Start at the line below containing "(37 F.SilkS user)" and stop at the line containing "(44 Edge.Cuts user)". Repeat every line of that stretch exactly, and nothing outside it.
--- Given data Enclosed Below ---
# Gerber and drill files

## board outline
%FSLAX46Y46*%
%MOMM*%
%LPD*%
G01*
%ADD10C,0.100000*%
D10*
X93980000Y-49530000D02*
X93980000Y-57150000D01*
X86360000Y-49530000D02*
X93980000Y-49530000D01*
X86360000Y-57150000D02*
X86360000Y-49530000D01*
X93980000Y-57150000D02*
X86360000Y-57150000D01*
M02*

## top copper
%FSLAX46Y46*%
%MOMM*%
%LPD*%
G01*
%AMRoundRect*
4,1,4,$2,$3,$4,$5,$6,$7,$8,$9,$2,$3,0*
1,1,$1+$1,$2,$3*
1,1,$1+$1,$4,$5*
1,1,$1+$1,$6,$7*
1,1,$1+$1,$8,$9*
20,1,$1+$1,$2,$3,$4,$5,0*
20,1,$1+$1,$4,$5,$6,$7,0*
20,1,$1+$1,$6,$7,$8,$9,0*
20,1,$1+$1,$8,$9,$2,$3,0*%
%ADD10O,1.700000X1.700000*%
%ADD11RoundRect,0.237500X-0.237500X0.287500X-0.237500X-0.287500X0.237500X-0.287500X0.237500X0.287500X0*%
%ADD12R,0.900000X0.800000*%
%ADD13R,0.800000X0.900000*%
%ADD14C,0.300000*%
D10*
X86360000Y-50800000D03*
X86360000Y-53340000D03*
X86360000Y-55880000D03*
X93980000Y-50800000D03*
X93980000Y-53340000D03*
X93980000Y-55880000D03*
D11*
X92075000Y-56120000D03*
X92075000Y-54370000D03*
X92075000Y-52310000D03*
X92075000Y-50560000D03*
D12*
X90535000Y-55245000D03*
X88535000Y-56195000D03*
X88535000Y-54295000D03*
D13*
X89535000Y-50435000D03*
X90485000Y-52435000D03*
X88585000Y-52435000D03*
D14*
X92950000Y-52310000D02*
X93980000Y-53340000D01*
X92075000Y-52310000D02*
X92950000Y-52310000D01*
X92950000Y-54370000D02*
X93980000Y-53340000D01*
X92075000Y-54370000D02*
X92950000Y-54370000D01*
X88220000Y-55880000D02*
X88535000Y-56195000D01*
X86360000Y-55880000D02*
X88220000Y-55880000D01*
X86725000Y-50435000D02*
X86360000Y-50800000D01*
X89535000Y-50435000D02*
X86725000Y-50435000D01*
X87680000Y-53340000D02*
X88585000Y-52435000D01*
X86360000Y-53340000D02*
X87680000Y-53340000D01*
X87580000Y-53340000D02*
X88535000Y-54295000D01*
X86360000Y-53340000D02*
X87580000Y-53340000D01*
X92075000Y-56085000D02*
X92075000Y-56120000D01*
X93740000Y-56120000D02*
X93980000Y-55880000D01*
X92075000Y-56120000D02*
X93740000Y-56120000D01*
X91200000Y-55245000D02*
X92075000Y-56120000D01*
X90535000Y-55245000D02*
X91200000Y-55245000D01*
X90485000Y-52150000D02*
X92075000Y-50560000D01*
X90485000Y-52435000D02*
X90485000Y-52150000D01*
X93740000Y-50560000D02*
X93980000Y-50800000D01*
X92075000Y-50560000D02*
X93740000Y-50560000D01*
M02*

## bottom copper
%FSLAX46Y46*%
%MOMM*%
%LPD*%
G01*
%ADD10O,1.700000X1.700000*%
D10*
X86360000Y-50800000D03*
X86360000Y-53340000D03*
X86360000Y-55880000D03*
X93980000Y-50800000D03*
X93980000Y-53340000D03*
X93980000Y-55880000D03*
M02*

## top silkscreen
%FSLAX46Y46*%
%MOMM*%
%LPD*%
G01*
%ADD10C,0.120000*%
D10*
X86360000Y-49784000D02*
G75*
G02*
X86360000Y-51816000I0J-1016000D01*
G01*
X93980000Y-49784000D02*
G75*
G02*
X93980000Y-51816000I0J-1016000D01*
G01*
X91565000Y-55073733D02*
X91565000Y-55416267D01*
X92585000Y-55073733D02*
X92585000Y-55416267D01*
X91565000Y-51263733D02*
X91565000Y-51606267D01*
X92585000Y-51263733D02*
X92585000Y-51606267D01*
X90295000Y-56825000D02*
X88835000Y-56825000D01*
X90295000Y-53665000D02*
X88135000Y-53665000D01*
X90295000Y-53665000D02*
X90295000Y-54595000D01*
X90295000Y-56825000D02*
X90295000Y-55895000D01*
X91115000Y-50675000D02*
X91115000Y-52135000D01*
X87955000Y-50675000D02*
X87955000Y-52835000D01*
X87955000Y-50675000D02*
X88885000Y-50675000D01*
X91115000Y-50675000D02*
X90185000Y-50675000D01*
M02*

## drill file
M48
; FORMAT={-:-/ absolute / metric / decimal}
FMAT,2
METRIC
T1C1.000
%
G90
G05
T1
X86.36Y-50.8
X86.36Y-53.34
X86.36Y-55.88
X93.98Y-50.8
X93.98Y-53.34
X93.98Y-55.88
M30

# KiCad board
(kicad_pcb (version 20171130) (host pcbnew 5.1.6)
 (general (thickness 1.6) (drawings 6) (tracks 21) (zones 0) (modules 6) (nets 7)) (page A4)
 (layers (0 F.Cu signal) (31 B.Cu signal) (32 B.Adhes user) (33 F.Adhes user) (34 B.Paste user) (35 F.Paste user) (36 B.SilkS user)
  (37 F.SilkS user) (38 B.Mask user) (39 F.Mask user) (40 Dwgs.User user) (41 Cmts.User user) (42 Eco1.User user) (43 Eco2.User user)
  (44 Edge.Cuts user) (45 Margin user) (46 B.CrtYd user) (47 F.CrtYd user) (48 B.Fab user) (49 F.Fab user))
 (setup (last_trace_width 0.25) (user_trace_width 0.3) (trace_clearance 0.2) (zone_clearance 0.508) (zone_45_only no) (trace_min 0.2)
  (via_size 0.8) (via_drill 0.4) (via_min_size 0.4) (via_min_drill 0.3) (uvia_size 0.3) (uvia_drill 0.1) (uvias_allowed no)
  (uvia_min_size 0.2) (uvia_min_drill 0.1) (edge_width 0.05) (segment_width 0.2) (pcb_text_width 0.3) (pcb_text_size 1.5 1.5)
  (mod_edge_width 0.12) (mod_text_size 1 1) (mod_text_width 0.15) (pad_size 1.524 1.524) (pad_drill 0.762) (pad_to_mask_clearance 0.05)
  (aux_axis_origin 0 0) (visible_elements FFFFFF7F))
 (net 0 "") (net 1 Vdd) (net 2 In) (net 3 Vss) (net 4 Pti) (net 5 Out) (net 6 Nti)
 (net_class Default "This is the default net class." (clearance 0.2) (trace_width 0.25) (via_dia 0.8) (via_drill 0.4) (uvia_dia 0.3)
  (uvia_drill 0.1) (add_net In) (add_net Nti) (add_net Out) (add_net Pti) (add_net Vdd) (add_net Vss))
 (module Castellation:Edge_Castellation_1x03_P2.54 (layer F.Cu) (at 86.36 50.8)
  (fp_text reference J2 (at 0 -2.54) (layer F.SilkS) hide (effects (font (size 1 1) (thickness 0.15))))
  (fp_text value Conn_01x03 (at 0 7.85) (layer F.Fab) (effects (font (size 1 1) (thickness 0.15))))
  (fp_arc (start 0 0) (end 0 1.016) (angle -180) (layer F.SilkS) (width 0.12))
  (pad 1 thru_hole oval (at 0 0) (size 1.7 1.7) (drill 1) (layers *.Cu *.Mask) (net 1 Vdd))
  (pad 2 thru_hole oval (at 0 2.54) (size 1.7 1.7) (drill 1) (layers *.Cu *.Mask) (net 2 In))
  (pad 3 thru_hole oval (at 0 5.08) (size 1.7 1.7) (drill 1) (layers *.Cu *.Mask) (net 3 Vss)))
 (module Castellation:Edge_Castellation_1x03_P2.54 (layer F.Cu) (at 93.98 50.8)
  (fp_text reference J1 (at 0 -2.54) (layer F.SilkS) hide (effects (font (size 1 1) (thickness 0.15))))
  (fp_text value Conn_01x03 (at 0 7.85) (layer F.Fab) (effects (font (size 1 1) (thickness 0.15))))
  (fp_arc (start 0 0) (end 0 1.016) (angle -180) (layer F.SilkS) (width 0.12))
  (pad 1 thru_hole oval (at 0 0) (size 1.7 1.7) (drill 1) (layers *.Cu *.Mask) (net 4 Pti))
  (pad 2 thru_hole oval (at 0 2.54) (size 1.7 1.7) (drill 1) (layers *.Cu *.Mask) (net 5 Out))
  (pad 3 thru_hole oval (at 0 5.08) (size 1.7 1.7) (drill 1) (layers *.Cu *.Mask) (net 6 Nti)))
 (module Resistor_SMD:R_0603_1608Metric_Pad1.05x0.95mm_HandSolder (layer F.Cu) (at 92.075 55.245 270)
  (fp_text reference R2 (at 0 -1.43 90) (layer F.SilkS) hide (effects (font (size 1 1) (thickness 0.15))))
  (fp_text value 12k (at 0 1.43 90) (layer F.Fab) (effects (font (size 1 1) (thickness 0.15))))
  (fp_line (start -0.171267 0.51) (end 0.171267 0.51) (layer F.SilkS) (width 0.12))
  (fp_line (start -0.171267 -0.51) (end 0.171267 -0.51) (layer F.SilkS) (width 0.12))
  (pad 2 smd roundrect (at 0.875 0 270) (size 1.05 0.95) (layers F.Cu F.Paste F.Mask) (roundrect_rratio 0.25) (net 6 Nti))
  (pad 1 smd roundrect (at -0.875 0 270) (size 1.05 0.95) (layers F.Cu F.Paste F.Mask) (roundrect_rratio 0.25) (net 5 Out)))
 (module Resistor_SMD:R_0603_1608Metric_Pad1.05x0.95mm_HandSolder (layer F.Cu) (at 92.075 51.435 270)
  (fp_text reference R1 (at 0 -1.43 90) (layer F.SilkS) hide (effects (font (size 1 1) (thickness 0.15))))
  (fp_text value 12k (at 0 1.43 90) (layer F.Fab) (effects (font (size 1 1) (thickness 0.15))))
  (fp_line (start -0.171267 0.51) (end 0.171267 0.51) (layer F.SilkS) (width 0.12))
  (fp_line (start -0.171267 -0.51) (end 0.171267 -0.51) (layer F.SilkS) (width 0.12))
  (pad 2 smd roundrect (at 0.875 0 270) (size 1.05 0.95) (layers F.Cu F.Paste F.Mask) (roundrect_rratio 0.25) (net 5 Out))
  (pad 1 smd roundrect (at -0.875 0 270) (size 1.05 0.95) (layers F.Cu F.Paste F.Mask) (roundrect_rratio 0.25) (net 4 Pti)))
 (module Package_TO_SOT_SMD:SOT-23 (layer F.Cu) (at 89.535 55.245)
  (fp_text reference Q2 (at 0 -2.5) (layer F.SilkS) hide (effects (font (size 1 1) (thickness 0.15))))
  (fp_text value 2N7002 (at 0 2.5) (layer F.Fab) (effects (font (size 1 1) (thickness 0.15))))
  (fp_line (start 0.76 1.58) (end -0.7 1.58) (layer F.SilkS) (width 0.12))
  (fp_line (start 0.76 -1.58) (end -1.4 -1.58) (layer F.SilkS) (width 0.12))
  (fp_line (start 0.76 -1.58) (end 0.76 -0.65) (layer F.SilkS) (width 0.12))
  (fp_line (start 0.76 1.58) (end 0.76 0.65) (layer F.SilkS) (width 0.12))
  (pad 3 smd rect (at 1 0) (size 0.9 0.8) (layers F.Cu F.Paste F.Mask) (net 6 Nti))
  (pad 2 smd rect (at -1 0.95) (size 0.9 0.8) (layers F.Cu F.Paste F.Mask) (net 3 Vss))
  (pad 1 smd rect (at -1 -0.95) (size 0.9 0.8) (layers F.Cu F.Paste F.Mask) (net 2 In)))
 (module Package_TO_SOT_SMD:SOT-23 (layer F.Cu) (at 89.535 51.435 90)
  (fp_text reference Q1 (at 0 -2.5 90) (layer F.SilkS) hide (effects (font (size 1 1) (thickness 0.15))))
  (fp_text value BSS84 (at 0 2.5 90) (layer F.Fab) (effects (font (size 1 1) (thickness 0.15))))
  (fp_line (start 0.76 1.58) (end -0.7 1.58) (layer F.SilkS) (width 0.12))
  (fp_line (start 0.76 -1.58) (end -1.4 -1.58) (layer F.SilkS) (width 0.12))
  (fp_line (start 0.76 -1.58) (end 0.76 -0.65) (layer F.SilkS) (width 0.12))
  (fp_line (start 0.76 1.58) (end 0.76 0.65) (layer F.SilkS) (width 0.12))
  (pad 3 smd rect (at 1 0 90) (size 0.9 0.8) (layers F.Cu F.Paste F.Mask) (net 1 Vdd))
  (pad 2 smd rect (at -1 0.95 90) (size 0.9 0.8) (layers F.Cu F.Paste F.Mask) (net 4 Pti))
  (pad 1 smd rect (at -1 -0.95 90) (size 0.9 0.8) (layers F.Cu F.Paste F.Mask) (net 2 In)))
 (gr_line (start 93.98 49.53) (end 93.98 57.15) (layer Edge.Cuts) (width 0.1))
 (gr_line (start 86.36 49.53) (end 93.98 49.53) (layer Edge.Cuts) (width 0.1))
 (gr_line (start 86.36 57.15) (end 86.36 49.53) (layer Edge.Cuts) (width 0.1))
 (gr_line (start 93.98 57.15) (end 86.36 57.15) (layer Edge.Cuts) (width 0.1))
 (segment (start 92.95 52.31) (end 93.98 53.34) (width 0.3) (layer F.Cu) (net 5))
 (segment (start 92.075 52.31) (end 92.95 52.31) (width 0.3) (layer F.Cu) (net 5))
 (segment (start 92.95 54.37) (end 93.98 53.34) (width 0.3) (layer F.Cu) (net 5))
 (segment (start 92.075 54.37) (end 92.95 54.37) (width 0.3) (layer F.Cu) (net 5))
 (segment (start 88.22 55.88) (end 88.535 56.195) (width 0.3) (layer F.Cu) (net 3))
 (segment (start 86.36 55.88) (end 88.22 55.88) (width 0.3) (layer F.Cu) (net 3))
 (segment (start 86.725 50.435) (end 86.36 50.8) (width 0.3) (layer F.Cu) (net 1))
 (segment (start 89.535 50.435) (end 86.725 50.435) (width 0.3) (layer F.Cu) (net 1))
 (segment (start 87.68 53.34) (end 88.585 52.435) (width 0.3) (layer F.Cu) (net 2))
 (segment (start 86.36 53.34) (end 87.68 53.34) (width 0.3) (layer F.Cu) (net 2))
 (segment (start 87.58 53.34) (end 88.535 54.295) (width 0.3) (layer F.Cu) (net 2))
 (segment (start 86.36 53.34) (end 87.58 53.34) (width 0.3) (layer F.Cu) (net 2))
 (segment (start 92.075 56.085) (end 92.075 56.12) (width 0.3) (layer F.Cu) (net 6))
 (segment (start 93.74 56.12) (end 93.98 55.88) (width 0.3) (layer F.Cu) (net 6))
 (segment (start 92.075 56.12) (end 93.74 56.12) (width 0.3) (layer F.Cu) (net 6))
 (segment (start 91.2 55.245) (end 92.075 56.12) (width 0.3) (layer F.Cu) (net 6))
 (segment (start 90.535 55.245) (end 91.2 55.245) (width 0.3) (layer F.Cu) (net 6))
 (segment (start 90.485 52.15) (end 92.075 50.56) (width 0.3) (layer F.Cu) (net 4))
 (segment (start 90.485 52.435) (end 90.485 52.15) (width 0.3) (layer F.Cu) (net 4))
 (segment (start 93.74 50.56) (end 93.98 50.8) (width 0.3) (layer F.Cu) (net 4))
 (segment (start 92.075 50.56) (end 93.74 50.56) (width 0.3) (layer F.Cu) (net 4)))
--- End of Enclosed Given data ---
### Output of the exercise
  (37 F.SilkS user) (38 B.Mask user) (39 F.Mask user) (40 Dwgs.User user) (41 Cmts.User user) (42 Eco1.User user) (43 Eco2.User user)
  (44 Edge.Cuts user) (45 Margin user) (46 B.CrtYd user) (47 F.CrtYd user) (48 B.Fab user) (49 F.Fab user))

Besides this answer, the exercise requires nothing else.